Task data Start Marker

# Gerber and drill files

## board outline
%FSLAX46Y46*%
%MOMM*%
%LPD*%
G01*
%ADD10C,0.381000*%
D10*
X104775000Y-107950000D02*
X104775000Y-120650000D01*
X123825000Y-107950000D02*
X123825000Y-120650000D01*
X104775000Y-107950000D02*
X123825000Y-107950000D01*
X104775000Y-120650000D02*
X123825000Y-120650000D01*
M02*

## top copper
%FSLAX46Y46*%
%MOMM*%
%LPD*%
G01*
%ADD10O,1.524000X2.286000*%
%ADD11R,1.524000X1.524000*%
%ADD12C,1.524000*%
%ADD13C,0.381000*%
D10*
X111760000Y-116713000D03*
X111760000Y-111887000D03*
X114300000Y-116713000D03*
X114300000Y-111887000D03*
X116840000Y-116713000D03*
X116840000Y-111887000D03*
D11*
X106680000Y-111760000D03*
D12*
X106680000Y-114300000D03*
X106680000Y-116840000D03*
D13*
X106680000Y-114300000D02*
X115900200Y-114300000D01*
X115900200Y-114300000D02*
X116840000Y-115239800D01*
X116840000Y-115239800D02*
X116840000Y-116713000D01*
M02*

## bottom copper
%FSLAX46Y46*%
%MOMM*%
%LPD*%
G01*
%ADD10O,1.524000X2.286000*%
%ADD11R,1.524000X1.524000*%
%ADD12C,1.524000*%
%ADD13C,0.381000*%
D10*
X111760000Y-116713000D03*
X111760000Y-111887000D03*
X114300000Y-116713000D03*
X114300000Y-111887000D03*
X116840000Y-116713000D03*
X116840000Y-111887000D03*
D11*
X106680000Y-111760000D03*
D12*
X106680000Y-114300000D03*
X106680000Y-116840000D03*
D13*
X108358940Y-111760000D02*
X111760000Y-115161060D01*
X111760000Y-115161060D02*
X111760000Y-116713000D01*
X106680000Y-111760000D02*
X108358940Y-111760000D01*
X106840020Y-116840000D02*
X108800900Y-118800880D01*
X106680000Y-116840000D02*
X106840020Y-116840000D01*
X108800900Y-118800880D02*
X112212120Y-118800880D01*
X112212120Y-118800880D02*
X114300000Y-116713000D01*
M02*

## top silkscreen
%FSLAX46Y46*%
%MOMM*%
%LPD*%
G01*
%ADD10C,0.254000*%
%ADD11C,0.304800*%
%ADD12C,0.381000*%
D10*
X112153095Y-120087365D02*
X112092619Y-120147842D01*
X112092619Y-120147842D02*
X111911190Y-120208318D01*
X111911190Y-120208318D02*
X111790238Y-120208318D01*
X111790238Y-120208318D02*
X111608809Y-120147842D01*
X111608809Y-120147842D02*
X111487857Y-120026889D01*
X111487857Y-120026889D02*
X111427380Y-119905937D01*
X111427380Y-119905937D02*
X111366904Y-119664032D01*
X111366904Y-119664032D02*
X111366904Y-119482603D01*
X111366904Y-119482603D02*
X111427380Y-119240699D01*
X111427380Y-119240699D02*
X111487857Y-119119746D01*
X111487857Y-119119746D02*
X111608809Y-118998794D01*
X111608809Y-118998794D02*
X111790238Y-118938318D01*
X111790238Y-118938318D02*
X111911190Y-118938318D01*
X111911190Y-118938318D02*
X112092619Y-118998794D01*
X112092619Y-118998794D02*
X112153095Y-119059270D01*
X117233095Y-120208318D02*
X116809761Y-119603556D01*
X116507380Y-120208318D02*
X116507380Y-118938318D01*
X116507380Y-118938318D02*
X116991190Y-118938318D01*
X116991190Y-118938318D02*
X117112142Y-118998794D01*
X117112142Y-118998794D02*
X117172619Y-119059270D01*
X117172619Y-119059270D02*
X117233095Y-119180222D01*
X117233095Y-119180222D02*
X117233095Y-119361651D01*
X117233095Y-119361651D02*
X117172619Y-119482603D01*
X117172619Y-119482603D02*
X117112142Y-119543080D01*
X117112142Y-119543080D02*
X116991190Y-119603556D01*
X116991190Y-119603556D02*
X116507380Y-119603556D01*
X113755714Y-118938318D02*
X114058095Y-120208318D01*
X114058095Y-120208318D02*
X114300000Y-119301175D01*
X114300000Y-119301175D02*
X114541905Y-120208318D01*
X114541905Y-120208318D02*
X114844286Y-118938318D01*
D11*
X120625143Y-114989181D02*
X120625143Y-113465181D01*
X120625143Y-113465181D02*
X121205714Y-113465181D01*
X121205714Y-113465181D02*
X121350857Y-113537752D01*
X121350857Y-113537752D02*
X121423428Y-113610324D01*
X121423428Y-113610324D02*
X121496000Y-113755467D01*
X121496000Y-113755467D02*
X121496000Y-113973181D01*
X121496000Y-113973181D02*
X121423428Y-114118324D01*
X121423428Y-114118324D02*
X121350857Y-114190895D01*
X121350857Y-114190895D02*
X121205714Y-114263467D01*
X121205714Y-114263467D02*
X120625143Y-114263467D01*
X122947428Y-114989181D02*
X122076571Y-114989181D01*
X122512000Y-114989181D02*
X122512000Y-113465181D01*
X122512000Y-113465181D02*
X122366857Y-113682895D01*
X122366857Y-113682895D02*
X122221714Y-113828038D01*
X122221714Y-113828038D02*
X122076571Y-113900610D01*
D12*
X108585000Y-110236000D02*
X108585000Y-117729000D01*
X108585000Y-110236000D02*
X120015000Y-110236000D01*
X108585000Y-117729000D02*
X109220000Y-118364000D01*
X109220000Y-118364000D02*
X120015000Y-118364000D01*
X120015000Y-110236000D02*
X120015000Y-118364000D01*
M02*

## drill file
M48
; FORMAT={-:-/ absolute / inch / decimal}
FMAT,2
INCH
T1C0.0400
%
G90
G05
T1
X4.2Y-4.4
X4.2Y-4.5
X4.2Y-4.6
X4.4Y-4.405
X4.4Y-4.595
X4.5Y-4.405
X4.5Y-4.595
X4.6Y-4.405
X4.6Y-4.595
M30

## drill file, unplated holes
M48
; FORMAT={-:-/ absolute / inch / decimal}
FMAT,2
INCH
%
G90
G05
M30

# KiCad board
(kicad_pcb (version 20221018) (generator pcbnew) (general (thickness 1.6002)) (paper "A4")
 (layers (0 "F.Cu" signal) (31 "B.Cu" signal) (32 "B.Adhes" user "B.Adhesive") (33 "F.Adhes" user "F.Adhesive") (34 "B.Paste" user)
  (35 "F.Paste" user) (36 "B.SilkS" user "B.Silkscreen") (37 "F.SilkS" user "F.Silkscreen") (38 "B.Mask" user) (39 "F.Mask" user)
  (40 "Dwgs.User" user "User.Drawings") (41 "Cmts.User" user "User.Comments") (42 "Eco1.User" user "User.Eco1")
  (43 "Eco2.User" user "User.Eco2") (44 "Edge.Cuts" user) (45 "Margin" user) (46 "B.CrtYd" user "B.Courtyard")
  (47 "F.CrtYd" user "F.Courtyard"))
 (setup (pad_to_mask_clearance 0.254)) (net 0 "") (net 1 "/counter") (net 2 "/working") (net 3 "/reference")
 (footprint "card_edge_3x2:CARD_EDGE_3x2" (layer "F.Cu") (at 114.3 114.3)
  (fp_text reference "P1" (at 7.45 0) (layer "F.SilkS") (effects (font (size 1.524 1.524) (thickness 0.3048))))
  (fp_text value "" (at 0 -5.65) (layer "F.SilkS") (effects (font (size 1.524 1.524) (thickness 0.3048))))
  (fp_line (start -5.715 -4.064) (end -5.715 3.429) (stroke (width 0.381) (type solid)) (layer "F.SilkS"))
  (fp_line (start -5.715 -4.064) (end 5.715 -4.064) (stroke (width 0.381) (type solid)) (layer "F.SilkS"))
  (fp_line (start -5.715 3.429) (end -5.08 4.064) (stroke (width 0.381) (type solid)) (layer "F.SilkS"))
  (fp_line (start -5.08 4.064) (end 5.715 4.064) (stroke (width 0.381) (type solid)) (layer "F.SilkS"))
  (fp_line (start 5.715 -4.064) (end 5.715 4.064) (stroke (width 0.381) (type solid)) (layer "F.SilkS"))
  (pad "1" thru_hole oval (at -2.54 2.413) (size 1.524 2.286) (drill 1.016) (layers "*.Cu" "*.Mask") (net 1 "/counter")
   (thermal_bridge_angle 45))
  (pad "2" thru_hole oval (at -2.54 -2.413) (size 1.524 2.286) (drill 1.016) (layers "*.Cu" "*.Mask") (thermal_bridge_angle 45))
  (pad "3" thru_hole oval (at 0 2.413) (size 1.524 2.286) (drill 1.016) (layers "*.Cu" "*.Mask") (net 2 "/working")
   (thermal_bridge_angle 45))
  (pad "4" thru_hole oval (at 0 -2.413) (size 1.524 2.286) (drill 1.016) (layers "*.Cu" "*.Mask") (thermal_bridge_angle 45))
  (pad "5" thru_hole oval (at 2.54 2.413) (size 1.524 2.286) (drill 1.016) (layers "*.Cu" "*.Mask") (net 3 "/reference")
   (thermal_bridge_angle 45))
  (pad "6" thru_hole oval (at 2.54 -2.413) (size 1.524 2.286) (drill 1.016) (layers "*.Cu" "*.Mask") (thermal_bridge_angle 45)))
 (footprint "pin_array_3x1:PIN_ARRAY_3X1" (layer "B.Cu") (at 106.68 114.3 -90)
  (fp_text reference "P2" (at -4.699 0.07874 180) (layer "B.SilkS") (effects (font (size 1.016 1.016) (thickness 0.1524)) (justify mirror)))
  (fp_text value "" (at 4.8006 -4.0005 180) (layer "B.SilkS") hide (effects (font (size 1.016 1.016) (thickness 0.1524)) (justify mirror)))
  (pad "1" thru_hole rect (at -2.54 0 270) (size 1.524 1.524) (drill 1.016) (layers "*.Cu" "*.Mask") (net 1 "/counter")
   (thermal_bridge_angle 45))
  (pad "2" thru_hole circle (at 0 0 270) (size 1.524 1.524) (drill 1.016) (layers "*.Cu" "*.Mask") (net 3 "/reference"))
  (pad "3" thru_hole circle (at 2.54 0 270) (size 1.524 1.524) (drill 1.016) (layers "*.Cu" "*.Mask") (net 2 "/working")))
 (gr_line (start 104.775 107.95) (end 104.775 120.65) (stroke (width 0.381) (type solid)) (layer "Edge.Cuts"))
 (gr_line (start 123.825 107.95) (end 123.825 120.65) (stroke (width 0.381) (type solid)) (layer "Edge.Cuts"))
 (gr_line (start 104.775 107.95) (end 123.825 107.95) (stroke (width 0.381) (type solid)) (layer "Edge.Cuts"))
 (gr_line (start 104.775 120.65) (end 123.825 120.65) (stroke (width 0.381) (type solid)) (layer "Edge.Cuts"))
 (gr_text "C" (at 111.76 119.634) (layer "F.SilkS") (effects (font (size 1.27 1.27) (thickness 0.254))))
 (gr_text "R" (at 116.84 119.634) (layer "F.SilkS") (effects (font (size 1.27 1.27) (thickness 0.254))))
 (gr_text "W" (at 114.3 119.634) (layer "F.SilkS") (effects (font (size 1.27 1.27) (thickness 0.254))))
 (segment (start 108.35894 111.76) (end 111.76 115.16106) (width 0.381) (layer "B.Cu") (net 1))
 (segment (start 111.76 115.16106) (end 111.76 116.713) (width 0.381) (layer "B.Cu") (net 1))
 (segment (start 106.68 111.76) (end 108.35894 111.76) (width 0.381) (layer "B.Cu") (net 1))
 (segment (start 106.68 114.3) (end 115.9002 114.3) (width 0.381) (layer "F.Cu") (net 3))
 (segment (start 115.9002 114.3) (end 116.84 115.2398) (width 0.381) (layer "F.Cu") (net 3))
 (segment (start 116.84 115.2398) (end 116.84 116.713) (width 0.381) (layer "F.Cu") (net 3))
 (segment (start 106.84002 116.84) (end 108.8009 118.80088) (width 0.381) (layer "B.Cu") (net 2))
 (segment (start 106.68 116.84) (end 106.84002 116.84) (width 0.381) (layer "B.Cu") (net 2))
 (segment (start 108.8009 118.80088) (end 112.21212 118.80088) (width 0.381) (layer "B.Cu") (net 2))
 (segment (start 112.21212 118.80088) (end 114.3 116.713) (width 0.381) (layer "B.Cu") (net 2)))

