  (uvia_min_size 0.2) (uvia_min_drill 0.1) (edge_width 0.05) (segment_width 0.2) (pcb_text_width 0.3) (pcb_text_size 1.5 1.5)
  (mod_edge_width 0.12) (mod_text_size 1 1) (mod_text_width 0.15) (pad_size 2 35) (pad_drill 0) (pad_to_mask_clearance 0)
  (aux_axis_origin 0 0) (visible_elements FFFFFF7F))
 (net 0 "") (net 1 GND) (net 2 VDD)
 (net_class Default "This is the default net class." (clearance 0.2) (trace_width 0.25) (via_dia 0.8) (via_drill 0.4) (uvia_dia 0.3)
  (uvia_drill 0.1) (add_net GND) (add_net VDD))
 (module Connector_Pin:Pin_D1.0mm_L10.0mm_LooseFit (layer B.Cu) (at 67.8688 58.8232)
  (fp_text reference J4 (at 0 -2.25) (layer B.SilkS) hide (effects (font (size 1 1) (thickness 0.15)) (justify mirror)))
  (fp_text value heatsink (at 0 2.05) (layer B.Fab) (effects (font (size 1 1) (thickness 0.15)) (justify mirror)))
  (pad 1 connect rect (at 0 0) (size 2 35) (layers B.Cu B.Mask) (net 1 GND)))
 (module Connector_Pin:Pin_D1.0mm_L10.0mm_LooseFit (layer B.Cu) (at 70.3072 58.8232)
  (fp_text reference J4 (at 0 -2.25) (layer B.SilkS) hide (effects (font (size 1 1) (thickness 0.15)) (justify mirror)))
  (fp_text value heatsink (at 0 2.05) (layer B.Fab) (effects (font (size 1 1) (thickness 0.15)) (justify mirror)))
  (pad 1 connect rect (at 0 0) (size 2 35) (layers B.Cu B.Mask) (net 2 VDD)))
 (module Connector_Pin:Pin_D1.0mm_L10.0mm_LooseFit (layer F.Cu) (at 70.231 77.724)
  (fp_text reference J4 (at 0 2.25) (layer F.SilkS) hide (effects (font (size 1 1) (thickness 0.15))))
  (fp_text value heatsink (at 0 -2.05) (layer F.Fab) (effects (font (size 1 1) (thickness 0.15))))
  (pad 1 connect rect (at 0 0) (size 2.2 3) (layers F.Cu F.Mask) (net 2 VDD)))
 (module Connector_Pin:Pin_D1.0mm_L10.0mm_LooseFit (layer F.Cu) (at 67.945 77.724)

Task data End Marker

= Required work =
Take the lines above from the one containing "X117112142Y-119543080D01*" to the one containing "X120625143Y-113465181D01*" and retype them exactly, both ends included, with nothing added.

= Exercise output =
X117112142Y-119543080D01*
X117112142Y-119543080D02*
X116991190Y-119603556D01*
X116991190Y-119603556D02*
X116507380Y-119603556D01*
X113755714Y-118938318D02*
X114058095Y-120208318D01*
X114058095Y-120208318D02*
X114300000Y-119301175D01*
X114300000Y-119301175D02*
X114541905Y-120208318D01*
X114541905Y-120208318D02*
X114844286Y-118938318D01*
D11*
X120625143Y-114989181D02*
X120625143Y-113465181D01*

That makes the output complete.